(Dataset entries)
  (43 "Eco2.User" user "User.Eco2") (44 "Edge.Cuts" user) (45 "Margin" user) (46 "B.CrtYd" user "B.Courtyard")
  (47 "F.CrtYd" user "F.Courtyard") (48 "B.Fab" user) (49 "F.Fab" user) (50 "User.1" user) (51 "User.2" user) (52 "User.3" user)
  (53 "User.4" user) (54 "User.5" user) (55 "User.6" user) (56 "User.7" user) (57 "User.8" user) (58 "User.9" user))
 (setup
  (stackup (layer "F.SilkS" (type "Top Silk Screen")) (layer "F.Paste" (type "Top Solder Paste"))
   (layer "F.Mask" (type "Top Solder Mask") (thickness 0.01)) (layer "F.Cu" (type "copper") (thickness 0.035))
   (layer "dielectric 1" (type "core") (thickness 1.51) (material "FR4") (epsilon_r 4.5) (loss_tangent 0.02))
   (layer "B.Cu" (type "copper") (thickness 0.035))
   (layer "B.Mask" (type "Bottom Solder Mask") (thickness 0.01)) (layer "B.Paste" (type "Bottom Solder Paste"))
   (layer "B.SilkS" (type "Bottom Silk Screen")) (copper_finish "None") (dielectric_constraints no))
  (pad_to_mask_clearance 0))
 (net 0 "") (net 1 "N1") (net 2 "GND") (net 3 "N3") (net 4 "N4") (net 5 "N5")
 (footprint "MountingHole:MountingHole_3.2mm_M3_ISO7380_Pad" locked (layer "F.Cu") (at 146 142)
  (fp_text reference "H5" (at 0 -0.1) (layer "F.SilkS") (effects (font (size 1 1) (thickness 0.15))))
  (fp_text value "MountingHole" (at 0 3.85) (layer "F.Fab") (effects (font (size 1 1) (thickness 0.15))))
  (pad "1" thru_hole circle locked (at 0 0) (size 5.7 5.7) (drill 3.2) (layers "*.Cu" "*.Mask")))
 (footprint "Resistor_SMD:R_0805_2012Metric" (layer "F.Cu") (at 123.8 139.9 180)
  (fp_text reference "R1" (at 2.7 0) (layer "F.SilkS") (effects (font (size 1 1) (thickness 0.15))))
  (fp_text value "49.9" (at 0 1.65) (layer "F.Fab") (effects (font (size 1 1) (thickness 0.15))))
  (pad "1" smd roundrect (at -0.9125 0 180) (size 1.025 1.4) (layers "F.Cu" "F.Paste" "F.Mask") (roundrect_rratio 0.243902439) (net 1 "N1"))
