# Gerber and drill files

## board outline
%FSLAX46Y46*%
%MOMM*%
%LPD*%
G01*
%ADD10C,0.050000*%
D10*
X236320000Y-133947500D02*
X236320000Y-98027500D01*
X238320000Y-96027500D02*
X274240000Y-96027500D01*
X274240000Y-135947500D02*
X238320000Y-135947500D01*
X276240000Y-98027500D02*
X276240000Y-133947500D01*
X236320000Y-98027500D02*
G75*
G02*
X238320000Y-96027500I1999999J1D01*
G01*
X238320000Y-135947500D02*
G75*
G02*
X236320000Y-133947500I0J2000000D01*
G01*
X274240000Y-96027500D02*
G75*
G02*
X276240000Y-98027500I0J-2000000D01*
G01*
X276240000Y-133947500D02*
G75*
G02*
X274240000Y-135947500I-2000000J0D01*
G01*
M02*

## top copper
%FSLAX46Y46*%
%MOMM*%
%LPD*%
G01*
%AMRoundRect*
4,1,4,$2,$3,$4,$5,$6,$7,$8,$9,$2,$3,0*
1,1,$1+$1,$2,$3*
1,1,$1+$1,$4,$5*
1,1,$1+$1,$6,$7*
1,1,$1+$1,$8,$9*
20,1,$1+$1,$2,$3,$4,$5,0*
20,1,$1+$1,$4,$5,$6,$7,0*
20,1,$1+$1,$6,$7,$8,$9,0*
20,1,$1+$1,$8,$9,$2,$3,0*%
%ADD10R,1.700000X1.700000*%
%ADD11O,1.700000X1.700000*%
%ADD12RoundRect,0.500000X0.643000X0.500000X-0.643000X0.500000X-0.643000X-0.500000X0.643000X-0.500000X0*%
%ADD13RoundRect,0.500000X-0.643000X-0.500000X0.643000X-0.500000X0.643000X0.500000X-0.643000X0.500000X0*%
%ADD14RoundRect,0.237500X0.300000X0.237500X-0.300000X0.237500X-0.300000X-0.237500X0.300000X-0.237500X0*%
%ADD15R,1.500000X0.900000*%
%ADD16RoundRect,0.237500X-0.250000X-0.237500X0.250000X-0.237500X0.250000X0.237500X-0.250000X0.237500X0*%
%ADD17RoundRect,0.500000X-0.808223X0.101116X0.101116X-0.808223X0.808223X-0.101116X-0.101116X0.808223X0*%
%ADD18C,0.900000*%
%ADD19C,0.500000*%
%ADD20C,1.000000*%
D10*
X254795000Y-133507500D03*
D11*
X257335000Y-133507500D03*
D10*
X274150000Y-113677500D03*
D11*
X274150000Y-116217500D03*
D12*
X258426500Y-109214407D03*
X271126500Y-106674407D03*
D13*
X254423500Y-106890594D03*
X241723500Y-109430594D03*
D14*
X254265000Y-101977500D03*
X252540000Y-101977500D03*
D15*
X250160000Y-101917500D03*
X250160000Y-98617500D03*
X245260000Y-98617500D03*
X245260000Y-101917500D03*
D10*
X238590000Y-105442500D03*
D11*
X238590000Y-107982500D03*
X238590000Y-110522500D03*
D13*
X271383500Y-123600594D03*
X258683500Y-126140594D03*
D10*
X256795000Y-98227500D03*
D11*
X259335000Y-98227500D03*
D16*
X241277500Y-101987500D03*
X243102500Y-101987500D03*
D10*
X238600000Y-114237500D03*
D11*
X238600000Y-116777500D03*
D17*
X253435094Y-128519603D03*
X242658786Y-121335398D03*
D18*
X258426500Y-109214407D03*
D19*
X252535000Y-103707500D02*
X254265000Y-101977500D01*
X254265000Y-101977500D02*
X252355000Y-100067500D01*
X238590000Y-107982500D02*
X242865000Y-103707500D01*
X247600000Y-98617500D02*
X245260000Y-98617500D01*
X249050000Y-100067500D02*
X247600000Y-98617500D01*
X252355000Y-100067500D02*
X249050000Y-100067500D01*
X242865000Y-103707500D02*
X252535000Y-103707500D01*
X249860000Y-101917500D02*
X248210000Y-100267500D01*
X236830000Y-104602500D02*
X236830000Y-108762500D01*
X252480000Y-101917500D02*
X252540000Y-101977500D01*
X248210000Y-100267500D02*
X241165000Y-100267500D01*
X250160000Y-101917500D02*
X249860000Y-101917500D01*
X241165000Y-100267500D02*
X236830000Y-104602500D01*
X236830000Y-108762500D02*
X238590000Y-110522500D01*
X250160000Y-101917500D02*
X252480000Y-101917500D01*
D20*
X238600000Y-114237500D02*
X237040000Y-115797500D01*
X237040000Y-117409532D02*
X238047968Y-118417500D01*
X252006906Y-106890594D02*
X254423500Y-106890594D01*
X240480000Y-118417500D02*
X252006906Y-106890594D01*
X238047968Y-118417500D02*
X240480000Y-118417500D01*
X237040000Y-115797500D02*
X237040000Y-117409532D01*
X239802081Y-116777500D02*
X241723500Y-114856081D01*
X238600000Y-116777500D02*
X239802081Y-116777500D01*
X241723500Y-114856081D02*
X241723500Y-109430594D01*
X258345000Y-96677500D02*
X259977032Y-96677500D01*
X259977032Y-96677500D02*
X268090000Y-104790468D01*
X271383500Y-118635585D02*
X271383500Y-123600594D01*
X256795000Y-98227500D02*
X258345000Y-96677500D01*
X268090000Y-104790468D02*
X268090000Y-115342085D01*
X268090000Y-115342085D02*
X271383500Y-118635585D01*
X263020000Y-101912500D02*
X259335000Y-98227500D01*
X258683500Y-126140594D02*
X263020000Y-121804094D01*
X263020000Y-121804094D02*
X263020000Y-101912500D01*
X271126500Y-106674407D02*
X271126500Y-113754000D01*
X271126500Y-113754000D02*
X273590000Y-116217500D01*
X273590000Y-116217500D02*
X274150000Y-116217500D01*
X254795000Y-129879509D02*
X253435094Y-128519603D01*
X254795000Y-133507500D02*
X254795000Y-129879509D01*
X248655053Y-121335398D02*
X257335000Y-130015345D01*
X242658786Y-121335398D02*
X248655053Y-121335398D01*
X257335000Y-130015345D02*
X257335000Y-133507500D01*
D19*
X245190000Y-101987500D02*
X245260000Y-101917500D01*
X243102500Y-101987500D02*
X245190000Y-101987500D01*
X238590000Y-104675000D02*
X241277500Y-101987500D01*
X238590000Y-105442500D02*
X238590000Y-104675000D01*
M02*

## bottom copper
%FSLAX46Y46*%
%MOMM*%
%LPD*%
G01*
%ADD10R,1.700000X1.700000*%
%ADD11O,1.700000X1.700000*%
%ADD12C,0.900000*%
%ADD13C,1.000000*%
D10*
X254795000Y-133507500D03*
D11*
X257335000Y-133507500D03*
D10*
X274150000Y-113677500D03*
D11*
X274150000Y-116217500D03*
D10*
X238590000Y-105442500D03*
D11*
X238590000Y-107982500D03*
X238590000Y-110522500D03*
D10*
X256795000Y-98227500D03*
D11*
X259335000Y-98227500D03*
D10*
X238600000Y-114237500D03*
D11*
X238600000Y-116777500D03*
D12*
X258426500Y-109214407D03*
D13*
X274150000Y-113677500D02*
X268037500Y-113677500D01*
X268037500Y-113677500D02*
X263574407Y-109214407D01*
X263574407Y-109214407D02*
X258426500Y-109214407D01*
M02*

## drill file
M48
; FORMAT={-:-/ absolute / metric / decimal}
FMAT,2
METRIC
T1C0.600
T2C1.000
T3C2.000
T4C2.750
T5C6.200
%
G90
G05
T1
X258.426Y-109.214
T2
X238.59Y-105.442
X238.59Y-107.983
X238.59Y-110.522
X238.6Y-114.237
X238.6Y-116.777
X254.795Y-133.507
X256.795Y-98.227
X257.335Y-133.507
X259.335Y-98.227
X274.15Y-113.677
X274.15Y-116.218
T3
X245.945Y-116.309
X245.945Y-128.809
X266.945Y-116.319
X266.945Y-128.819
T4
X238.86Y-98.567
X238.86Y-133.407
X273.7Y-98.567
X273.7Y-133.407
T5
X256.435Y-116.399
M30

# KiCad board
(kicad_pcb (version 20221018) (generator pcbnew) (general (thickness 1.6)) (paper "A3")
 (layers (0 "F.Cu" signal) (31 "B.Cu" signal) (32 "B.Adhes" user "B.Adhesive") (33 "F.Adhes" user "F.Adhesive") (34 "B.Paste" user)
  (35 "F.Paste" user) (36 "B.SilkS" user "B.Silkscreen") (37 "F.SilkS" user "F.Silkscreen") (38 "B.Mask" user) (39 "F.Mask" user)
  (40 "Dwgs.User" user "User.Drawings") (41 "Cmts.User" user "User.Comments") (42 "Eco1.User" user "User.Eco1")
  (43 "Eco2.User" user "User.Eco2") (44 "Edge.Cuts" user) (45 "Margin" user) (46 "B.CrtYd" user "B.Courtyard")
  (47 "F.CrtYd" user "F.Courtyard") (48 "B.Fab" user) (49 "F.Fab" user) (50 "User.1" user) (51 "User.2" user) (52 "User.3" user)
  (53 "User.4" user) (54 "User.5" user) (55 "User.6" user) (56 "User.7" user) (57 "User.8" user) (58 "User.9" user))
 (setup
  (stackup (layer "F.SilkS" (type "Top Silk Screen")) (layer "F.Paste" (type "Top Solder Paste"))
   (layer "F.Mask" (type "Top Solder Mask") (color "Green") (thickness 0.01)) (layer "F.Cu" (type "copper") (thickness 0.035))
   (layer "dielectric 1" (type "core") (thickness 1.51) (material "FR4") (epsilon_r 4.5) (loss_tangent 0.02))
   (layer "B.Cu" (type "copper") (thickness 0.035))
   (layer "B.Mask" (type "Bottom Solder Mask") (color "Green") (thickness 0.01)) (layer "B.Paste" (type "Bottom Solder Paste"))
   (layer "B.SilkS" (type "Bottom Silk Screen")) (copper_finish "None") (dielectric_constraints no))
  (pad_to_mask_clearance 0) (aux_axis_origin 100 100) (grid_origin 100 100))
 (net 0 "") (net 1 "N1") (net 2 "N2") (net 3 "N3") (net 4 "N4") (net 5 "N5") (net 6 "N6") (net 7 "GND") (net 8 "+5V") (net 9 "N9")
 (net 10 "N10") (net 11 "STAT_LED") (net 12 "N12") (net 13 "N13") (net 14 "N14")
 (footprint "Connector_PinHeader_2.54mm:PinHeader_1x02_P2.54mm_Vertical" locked (layer "F.Cu") (at 254.795 133.5075 90)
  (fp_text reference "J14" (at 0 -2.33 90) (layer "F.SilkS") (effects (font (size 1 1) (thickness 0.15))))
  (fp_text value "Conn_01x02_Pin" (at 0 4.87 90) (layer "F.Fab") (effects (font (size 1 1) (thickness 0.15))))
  (pad "1" thru_hole rect locked (at 0 0 90) (size 1.7 1.7) (drill 1) (layers "*.Cu" "*.Mask") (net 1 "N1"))
  (pad "2" thru_hole oval locked (at 0 2.54 90) (size 1.7 1.7) (drill 1) (layers "*.Cu" "*.Mask") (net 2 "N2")))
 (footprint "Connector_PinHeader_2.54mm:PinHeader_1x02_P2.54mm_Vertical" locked (layer "F.Cu") (at 274.15 113.6775)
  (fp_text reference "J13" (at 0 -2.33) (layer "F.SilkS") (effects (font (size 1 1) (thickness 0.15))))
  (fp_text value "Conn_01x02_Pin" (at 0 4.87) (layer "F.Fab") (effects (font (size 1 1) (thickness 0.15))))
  (pad "1" thru_hole rect locked (at 0 0) (size 1.7 1.7) (drill 1) (layers "*.Cu" "*.Mask") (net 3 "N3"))
  (pad "2" thru_hole oval locked (at 0 2.54) (size 1.7 1.7) (drill 1) (layers "*.Cu" "*.Mask") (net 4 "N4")))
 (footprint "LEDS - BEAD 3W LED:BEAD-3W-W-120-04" (layer "F.Cu") (at 273.6665 104.134407 180)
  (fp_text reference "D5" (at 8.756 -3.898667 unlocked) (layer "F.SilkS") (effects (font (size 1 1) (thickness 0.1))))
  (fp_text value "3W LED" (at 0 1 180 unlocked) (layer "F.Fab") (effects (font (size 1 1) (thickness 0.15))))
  (pad "1" smd roundrect (at 15.24 -5.08 180) (size 2.286 2) (layers "F.Cu" "F.Paste" "F.Mask") (roundrect_rratio 0.25) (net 3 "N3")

What you will do =
Copy out the range of lines above starting at the line with "X243102500Y-101987500D03*" and ending at the line with "X254265000Y-101977500D01*", exactly and including both.

Answer for the task =
X243102500Y-101987500D03*
D10*
X238600000Y-114237500D03*
D11*
X238600000Y-116777500D03*
D17*
X253435094Y-128519603D03*
X242658786Y-121335398D03*
D18*
X258426500Y-109214407D03*
D19*
X252535000Y-103707500D02*
X254265000Y-101977500D01*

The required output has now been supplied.